[Stored data entries]

● ● ●

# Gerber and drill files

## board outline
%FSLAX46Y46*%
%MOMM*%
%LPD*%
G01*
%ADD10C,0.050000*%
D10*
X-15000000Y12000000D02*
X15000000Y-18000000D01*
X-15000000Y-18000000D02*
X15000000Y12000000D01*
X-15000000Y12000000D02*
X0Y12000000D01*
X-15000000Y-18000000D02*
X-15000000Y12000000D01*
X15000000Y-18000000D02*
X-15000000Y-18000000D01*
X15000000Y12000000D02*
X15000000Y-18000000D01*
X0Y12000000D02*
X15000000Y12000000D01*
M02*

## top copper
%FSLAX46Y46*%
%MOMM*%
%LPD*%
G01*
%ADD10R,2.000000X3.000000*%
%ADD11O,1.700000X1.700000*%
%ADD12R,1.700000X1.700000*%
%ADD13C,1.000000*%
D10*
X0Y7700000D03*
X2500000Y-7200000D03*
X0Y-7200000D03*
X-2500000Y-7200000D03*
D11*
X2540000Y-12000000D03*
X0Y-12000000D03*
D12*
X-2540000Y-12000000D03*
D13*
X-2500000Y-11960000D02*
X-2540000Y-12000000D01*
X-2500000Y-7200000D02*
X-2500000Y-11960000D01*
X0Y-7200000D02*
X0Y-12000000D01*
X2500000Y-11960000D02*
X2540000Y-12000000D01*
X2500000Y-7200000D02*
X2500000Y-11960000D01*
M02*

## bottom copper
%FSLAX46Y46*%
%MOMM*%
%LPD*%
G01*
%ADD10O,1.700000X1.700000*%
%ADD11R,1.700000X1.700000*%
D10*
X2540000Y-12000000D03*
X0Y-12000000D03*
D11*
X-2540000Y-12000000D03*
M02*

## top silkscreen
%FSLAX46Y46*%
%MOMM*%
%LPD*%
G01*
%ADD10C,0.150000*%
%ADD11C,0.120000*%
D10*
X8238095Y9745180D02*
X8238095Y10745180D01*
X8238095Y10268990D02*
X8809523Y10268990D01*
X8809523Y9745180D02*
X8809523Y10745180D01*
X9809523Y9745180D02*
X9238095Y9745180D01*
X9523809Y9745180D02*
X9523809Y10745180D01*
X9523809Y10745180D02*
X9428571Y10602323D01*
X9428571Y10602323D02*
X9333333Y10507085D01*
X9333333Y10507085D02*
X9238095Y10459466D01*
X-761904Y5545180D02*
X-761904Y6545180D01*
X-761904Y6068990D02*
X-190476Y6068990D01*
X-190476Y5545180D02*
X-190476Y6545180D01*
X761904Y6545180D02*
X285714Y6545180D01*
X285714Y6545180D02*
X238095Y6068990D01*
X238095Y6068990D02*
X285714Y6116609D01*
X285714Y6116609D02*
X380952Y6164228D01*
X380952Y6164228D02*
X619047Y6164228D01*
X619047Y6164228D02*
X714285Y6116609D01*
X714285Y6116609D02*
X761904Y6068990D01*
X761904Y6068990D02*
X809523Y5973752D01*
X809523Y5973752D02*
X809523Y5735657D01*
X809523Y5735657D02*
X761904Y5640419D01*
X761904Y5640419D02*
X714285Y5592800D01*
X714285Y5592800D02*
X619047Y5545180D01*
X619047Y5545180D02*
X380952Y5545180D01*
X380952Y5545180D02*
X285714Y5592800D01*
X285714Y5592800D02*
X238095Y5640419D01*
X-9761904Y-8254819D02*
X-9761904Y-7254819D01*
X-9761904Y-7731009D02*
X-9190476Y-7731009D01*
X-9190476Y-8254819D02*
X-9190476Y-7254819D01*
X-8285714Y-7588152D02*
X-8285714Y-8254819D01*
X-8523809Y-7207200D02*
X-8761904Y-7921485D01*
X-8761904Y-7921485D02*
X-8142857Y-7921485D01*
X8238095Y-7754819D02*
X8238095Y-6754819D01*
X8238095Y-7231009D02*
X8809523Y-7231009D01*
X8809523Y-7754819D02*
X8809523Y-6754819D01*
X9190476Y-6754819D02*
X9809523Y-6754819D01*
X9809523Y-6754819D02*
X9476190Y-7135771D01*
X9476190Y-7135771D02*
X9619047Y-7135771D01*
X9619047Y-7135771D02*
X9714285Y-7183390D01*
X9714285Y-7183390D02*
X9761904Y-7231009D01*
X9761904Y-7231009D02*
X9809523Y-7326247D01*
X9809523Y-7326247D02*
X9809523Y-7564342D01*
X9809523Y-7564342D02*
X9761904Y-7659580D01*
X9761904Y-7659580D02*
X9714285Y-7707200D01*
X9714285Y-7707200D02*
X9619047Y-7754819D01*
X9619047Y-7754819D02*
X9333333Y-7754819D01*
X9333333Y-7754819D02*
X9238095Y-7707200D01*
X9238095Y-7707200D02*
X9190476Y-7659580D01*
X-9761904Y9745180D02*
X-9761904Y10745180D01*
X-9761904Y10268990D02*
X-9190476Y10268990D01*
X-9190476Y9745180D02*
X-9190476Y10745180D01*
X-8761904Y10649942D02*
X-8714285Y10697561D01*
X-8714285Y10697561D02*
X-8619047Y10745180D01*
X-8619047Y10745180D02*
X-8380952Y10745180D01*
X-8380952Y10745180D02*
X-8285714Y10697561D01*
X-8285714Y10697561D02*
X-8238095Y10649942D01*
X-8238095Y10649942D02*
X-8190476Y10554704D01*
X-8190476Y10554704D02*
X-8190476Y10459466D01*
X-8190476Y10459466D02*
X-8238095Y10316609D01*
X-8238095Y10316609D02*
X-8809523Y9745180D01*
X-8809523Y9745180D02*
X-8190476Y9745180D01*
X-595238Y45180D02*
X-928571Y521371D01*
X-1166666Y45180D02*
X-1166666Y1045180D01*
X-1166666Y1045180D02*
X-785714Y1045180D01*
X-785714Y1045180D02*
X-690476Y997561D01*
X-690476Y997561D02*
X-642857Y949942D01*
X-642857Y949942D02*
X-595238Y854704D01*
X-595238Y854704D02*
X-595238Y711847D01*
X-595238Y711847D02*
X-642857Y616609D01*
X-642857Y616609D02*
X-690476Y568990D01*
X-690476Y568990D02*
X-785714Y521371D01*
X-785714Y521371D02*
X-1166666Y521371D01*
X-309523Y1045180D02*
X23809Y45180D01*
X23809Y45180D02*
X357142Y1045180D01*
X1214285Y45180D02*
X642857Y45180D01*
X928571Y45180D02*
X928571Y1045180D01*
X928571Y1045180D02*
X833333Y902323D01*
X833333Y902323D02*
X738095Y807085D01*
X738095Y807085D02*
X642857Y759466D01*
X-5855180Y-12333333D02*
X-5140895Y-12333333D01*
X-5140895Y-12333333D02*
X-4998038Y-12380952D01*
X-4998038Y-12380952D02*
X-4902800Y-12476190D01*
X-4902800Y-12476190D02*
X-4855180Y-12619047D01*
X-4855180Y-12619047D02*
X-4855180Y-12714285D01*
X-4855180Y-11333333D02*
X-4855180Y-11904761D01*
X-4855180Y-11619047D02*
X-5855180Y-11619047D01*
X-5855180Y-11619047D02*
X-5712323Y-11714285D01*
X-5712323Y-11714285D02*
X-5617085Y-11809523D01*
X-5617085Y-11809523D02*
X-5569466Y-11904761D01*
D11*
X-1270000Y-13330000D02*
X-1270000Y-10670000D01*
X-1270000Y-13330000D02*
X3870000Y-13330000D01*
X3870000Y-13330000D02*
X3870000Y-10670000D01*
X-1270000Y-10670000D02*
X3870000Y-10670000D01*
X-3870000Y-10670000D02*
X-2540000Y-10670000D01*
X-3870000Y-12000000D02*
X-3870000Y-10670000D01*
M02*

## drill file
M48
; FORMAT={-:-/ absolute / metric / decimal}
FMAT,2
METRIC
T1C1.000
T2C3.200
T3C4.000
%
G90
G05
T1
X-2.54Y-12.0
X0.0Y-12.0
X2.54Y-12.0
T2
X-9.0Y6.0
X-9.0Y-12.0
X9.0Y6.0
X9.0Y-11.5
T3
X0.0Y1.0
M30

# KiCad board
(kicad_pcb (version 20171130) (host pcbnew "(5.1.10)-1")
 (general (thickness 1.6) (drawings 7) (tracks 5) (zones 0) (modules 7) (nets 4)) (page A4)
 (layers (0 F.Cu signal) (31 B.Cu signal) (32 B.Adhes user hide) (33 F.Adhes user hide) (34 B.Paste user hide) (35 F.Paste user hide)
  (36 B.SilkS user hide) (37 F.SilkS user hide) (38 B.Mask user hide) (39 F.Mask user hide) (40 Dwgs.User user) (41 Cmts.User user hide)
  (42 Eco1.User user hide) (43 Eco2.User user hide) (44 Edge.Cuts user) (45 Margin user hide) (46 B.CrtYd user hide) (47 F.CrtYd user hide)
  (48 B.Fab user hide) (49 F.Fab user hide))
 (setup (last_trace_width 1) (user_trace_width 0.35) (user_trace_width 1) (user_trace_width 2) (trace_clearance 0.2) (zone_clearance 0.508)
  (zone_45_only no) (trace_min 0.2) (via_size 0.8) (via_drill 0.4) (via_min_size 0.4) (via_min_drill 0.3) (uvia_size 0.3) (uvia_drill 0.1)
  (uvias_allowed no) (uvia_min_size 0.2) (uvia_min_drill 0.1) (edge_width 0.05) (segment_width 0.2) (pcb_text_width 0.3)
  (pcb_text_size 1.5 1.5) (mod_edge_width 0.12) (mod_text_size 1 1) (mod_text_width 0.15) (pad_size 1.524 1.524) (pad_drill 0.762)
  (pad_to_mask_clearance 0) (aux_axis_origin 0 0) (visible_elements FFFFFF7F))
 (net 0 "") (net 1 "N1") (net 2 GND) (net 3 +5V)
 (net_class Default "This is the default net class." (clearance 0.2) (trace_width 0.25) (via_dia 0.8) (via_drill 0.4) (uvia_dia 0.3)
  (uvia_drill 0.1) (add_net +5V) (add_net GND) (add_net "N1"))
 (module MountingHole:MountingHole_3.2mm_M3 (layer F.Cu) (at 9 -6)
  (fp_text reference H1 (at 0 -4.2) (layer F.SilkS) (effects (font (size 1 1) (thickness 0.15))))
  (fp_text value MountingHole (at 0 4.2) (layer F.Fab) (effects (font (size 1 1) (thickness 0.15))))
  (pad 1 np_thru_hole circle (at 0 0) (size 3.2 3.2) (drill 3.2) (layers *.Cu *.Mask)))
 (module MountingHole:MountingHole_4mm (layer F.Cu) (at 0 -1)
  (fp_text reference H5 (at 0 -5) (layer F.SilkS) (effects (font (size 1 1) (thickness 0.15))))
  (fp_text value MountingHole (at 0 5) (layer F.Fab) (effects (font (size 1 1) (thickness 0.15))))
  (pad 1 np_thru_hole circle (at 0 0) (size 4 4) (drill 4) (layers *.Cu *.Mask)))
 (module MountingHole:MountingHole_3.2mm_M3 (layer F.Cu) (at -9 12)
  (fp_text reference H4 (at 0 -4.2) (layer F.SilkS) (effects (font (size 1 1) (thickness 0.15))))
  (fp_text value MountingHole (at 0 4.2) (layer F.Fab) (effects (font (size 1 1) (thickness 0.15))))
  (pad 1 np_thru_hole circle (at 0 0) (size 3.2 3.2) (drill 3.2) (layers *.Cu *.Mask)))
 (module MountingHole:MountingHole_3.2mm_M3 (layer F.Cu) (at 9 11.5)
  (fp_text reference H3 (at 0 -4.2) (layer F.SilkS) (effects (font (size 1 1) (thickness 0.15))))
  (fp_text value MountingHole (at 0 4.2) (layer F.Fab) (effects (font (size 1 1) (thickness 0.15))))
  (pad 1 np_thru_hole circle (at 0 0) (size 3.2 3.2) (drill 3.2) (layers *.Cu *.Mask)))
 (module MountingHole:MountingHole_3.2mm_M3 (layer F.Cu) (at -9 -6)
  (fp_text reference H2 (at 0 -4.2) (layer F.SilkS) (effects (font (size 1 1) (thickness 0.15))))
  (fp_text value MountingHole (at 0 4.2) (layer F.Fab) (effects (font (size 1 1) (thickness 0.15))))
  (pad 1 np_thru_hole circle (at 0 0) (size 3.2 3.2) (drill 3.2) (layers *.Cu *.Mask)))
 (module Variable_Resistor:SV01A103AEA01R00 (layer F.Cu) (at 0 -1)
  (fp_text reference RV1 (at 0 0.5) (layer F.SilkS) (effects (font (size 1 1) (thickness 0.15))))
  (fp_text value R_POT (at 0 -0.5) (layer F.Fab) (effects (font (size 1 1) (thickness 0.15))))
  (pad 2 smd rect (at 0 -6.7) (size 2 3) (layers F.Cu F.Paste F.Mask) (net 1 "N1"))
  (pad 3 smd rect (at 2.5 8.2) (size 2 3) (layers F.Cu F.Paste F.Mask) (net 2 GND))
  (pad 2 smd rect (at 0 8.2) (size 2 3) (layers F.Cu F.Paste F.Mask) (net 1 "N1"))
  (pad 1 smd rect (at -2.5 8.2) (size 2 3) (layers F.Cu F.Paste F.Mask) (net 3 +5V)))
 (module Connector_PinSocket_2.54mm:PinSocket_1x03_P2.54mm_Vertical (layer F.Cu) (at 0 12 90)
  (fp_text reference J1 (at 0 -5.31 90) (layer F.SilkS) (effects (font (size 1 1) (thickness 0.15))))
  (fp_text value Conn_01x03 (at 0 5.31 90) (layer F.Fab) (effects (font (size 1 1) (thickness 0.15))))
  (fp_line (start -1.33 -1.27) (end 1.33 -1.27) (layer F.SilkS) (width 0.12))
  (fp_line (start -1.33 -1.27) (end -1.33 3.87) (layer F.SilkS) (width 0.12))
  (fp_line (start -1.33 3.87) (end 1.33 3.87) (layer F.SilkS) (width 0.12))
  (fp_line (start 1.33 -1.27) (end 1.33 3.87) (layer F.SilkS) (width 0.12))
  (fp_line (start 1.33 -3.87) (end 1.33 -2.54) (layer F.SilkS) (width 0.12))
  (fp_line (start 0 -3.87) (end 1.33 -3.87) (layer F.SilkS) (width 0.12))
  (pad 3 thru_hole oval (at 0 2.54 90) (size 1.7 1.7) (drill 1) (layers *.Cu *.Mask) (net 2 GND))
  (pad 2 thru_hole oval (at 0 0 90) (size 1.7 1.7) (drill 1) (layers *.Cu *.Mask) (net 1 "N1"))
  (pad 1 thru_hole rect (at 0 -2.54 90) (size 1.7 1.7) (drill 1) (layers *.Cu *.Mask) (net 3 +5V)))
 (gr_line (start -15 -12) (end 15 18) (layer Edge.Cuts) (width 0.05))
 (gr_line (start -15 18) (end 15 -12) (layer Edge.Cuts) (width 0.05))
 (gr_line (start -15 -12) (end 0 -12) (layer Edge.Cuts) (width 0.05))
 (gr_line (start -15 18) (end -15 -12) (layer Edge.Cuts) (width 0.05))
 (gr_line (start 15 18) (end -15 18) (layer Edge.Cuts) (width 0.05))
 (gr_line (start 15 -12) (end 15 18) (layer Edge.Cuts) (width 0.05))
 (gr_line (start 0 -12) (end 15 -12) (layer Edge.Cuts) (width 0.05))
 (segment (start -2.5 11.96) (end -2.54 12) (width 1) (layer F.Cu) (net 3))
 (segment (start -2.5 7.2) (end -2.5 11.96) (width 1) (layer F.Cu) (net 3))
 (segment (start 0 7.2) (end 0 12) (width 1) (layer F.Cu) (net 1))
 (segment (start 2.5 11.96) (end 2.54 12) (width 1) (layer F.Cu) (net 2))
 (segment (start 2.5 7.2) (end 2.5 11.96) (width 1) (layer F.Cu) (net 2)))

● ● ●

● REQUIRED ACTION
Output only an exact transcription of the lines above from the one with "X-8238095Y10649942D02*" up to and including the one with "X-1166666Y1045180D01*".

● SOLUTION FOR THIS EXERCISE
X-8238095Y10649942D02*
X-8190476Y10554704D01*
X-8190476Y10554704D02*
X-8190476Y10459466D01*
X-8190476Y10459466D02*
X-8238095Y10316609D01*
X-8238095Y10316609D02*
X-8809523Y9745180D01*
X-8809523Y9745180D02*
X-8190476Y9745180D01*
X-595238Y45180D02*
X-928571Y521371D01*
X-1166666Y45180D02*
X-1166666Y1045180D01*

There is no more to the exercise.